◆ **Exercise**
Among the entries below, find every line that contains the string "CrtYd", then copy it.

◆ **Given data**
=== Begin Enclosure ===
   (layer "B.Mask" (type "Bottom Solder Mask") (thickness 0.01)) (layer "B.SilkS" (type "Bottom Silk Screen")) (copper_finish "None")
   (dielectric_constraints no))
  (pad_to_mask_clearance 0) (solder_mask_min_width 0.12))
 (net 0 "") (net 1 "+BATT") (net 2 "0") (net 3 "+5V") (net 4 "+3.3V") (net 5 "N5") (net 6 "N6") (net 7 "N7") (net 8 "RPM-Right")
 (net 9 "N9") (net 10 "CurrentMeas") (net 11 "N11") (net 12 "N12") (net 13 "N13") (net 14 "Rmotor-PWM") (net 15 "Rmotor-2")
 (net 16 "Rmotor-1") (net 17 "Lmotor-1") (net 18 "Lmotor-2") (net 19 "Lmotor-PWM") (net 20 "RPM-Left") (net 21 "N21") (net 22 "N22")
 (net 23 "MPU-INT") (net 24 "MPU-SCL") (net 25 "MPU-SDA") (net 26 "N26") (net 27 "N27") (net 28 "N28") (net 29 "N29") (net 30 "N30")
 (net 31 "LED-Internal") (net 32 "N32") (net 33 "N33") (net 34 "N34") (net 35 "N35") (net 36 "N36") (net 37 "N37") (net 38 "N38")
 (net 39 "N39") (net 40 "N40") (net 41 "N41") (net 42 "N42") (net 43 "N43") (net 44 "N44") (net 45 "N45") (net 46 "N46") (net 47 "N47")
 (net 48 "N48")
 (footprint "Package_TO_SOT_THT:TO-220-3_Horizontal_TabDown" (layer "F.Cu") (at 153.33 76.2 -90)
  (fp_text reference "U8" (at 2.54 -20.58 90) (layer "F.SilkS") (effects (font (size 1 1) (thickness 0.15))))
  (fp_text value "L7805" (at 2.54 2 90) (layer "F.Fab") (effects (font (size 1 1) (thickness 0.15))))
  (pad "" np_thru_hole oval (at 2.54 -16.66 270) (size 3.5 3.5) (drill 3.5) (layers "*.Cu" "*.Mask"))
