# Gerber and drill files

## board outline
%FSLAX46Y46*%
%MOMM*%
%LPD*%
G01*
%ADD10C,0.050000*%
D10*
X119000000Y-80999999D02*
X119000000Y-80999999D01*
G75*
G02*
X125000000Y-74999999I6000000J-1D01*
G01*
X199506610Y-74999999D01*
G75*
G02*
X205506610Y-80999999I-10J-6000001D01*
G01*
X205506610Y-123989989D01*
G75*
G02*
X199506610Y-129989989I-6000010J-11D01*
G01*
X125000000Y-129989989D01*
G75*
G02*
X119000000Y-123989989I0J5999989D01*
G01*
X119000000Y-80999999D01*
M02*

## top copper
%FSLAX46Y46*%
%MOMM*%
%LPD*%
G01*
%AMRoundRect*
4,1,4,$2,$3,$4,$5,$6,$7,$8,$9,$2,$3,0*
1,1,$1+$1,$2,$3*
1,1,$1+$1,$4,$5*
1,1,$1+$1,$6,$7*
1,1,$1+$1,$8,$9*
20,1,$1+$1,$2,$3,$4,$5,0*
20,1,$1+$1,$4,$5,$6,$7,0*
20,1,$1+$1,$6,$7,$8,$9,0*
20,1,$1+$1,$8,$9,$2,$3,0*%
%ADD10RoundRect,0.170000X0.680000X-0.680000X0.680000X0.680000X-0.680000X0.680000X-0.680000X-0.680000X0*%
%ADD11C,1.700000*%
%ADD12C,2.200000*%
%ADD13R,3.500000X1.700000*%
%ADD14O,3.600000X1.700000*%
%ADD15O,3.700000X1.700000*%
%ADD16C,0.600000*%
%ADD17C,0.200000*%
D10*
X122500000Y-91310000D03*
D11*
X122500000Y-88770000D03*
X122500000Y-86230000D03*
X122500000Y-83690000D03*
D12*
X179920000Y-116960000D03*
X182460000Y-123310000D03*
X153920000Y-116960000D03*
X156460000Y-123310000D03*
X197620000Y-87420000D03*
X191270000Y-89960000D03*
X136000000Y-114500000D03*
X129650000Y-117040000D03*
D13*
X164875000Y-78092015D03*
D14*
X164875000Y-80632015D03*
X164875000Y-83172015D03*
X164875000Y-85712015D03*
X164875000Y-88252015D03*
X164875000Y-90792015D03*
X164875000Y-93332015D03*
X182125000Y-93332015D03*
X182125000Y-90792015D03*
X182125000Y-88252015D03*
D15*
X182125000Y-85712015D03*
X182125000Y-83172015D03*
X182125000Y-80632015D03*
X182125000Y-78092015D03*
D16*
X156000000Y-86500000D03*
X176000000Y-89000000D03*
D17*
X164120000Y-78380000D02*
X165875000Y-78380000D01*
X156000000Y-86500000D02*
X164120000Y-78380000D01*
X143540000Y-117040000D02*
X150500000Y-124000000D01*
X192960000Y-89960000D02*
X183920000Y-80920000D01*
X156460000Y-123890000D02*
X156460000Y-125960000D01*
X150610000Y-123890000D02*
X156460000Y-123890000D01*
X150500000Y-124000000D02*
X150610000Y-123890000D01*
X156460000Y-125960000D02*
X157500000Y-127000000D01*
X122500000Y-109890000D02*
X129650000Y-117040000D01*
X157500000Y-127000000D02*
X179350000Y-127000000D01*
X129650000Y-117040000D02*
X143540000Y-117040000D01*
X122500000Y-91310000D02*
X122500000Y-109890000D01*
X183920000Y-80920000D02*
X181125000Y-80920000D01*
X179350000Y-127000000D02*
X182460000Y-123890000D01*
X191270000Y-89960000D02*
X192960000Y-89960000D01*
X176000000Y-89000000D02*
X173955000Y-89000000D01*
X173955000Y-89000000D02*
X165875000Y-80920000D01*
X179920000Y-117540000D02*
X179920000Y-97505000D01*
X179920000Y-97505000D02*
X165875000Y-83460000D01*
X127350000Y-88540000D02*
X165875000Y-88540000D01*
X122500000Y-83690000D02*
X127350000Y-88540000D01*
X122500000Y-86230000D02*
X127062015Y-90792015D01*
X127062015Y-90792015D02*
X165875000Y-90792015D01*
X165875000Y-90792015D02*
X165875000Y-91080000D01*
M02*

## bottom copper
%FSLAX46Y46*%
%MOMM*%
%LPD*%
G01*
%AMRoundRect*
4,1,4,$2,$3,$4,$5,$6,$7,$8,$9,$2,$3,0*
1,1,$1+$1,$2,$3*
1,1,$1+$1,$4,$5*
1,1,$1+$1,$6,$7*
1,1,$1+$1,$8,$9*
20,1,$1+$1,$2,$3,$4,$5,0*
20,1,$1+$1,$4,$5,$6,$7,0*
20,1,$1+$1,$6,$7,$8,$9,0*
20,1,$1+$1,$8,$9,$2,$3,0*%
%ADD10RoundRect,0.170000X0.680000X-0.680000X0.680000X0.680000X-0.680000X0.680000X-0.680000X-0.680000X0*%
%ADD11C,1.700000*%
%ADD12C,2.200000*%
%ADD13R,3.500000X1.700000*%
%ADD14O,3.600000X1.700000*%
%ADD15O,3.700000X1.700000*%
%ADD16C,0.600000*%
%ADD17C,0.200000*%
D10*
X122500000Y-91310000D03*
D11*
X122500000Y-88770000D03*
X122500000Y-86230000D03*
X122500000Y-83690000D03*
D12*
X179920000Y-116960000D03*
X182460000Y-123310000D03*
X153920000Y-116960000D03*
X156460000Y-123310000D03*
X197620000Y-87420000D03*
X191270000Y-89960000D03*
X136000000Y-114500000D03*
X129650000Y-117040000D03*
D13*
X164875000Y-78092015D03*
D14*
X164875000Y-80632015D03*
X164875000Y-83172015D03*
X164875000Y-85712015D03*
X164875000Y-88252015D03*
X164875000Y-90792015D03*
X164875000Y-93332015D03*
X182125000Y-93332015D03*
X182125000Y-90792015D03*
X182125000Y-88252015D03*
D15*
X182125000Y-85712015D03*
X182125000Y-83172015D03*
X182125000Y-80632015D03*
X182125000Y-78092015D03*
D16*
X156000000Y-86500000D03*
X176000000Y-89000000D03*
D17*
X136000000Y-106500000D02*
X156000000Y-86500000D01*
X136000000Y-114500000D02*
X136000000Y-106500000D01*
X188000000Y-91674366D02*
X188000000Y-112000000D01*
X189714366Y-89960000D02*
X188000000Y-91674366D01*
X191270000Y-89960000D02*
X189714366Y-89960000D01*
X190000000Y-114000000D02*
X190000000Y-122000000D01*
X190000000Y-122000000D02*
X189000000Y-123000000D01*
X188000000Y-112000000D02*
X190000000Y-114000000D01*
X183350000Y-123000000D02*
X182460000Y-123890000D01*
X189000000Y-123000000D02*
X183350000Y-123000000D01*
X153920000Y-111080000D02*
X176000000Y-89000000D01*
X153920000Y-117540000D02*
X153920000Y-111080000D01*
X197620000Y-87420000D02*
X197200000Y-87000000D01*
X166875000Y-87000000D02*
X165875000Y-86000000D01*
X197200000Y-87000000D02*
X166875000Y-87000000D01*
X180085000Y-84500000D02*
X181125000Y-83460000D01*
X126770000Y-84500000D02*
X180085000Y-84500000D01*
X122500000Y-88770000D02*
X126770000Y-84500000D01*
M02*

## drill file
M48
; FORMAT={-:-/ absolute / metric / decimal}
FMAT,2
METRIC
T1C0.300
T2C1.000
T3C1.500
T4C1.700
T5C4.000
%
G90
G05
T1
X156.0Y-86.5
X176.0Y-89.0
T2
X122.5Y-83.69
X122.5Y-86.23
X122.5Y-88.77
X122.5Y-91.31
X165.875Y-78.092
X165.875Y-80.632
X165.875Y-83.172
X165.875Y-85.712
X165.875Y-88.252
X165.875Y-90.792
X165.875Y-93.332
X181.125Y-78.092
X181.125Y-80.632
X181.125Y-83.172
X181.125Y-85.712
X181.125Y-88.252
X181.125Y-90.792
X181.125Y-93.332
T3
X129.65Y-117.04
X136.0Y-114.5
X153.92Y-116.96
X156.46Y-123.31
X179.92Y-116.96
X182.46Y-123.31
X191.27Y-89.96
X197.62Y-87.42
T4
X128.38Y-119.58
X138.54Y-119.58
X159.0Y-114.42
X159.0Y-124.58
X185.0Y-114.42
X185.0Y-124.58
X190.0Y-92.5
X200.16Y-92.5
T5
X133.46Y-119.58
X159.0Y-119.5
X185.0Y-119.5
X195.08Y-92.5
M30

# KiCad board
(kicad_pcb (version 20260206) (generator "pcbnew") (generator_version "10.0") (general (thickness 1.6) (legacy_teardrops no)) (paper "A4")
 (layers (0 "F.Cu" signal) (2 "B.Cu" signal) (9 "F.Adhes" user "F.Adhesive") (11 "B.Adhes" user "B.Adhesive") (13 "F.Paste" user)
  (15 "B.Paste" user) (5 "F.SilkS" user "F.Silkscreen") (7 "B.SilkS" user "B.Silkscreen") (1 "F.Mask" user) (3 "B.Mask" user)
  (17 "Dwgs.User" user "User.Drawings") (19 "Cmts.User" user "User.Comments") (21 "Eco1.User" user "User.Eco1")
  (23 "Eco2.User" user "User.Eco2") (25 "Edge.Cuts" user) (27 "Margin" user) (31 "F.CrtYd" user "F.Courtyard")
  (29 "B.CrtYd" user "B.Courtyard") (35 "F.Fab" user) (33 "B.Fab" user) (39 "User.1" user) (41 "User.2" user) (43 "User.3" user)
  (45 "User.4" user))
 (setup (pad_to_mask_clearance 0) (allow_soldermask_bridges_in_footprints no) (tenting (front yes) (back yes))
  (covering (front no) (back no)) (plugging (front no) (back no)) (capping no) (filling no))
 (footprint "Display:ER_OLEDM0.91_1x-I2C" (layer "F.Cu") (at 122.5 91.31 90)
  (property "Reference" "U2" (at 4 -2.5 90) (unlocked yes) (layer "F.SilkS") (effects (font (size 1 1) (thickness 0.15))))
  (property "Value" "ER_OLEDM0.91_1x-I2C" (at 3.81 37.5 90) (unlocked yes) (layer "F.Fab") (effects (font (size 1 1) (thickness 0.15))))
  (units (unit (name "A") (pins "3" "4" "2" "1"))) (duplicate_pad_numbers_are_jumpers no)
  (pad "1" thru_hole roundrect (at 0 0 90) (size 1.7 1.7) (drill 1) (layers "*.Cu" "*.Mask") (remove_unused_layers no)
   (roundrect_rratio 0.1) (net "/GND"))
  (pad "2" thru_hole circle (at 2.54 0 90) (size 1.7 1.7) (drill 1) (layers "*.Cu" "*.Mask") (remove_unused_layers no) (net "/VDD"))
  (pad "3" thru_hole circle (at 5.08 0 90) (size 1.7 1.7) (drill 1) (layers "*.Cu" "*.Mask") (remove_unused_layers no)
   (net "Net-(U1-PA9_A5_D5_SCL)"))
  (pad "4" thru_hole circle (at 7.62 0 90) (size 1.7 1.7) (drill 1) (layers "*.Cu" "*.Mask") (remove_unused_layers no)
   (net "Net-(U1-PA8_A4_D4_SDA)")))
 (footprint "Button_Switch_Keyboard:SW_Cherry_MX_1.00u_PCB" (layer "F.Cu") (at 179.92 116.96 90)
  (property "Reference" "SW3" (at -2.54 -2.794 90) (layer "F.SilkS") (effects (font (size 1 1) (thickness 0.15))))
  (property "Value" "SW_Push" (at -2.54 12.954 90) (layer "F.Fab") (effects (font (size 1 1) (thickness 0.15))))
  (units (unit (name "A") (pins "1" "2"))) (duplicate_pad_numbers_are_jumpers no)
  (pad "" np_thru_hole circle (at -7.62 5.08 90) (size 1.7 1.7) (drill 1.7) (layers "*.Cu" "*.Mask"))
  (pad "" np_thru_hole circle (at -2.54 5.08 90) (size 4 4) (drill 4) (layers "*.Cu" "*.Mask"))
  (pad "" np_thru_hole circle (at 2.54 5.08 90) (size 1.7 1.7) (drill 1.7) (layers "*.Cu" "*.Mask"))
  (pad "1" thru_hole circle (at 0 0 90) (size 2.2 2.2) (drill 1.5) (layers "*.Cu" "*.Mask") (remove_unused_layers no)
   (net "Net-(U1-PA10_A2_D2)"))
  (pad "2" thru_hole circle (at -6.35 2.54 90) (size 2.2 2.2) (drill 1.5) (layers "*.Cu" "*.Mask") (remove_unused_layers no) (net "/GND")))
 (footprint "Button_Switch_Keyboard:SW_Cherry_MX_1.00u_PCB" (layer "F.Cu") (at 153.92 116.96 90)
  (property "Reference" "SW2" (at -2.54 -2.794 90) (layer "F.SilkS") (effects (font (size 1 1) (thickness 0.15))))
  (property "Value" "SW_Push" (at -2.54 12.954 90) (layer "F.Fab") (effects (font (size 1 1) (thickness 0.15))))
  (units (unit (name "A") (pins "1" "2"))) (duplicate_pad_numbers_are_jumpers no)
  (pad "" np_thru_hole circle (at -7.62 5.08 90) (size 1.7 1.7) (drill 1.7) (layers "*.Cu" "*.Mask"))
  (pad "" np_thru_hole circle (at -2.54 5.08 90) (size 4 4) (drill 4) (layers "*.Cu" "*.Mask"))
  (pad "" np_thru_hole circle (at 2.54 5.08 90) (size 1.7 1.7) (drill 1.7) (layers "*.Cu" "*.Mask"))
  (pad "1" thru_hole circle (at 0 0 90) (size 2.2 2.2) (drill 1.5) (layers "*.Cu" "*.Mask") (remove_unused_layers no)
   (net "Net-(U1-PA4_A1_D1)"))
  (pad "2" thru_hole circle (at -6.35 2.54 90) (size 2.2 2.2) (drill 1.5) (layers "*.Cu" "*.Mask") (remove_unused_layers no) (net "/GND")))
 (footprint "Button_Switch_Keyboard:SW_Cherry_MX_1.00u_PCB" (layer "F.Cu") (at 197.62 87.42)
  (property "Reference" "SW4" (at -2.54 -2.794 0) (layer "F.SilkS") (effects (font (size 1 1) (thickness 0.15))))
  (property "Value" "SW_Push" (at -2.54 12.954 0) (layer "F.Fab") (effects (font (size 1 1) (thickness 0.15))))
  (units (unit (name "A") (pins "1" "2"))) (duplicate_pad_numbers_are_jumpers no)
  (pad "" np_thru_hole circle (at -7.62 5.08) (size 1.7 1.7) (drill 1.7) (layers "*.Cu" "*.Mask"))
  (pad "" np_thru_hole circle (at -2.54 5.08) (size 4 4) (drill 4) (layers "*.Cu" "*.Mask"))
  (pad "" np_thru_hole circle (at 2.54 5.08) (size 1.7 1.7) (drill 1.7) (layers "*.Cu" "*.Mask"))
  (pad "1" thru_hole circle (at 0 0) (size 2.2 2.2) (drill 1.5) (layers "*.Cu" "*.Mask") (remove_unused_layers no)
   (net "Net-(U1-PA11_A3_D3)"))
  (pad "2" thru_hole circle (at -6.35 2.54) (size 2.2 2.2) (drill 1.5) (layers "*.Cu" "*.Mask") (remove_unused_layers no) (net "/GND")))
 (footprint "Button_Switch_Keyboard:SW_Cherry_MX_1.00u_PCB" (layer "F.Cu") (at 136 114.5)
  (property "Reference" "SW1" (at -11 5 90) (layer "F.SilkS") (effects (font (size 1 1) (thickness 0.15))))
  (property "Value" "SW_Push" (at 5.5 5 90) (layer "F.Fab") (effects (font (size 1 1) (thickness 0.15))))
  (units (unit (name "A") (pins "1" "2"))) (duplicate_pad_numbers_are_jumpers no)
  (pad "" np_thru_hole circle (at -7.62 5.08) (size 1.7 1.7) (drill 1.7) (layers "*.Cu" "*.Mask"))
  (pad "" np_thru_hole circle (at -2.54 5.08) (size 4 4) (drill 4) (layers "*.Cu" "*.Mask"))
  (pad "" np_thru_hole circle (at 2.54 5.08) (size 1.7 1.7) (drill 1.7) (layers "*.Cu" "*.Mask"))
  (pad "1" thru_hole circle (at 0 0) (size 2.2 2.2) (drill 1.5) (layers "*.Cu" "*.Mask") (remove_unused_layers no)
=== End Enclosure ===
◆ **Your solution**
  (23 "Eco2.User" user "User.Eco2") (25 "Edge.Cuts" user) (27 "Margin" user) (31 "F.CrtYd" user "F.Courtyard")
  (29 "B.CrtYd" user "B.Courtyard") (35 "F.Fab" user) (33 "B.Fab" user) (39 "User.1" user) (41 "User.2" user) (43 "User.3" user)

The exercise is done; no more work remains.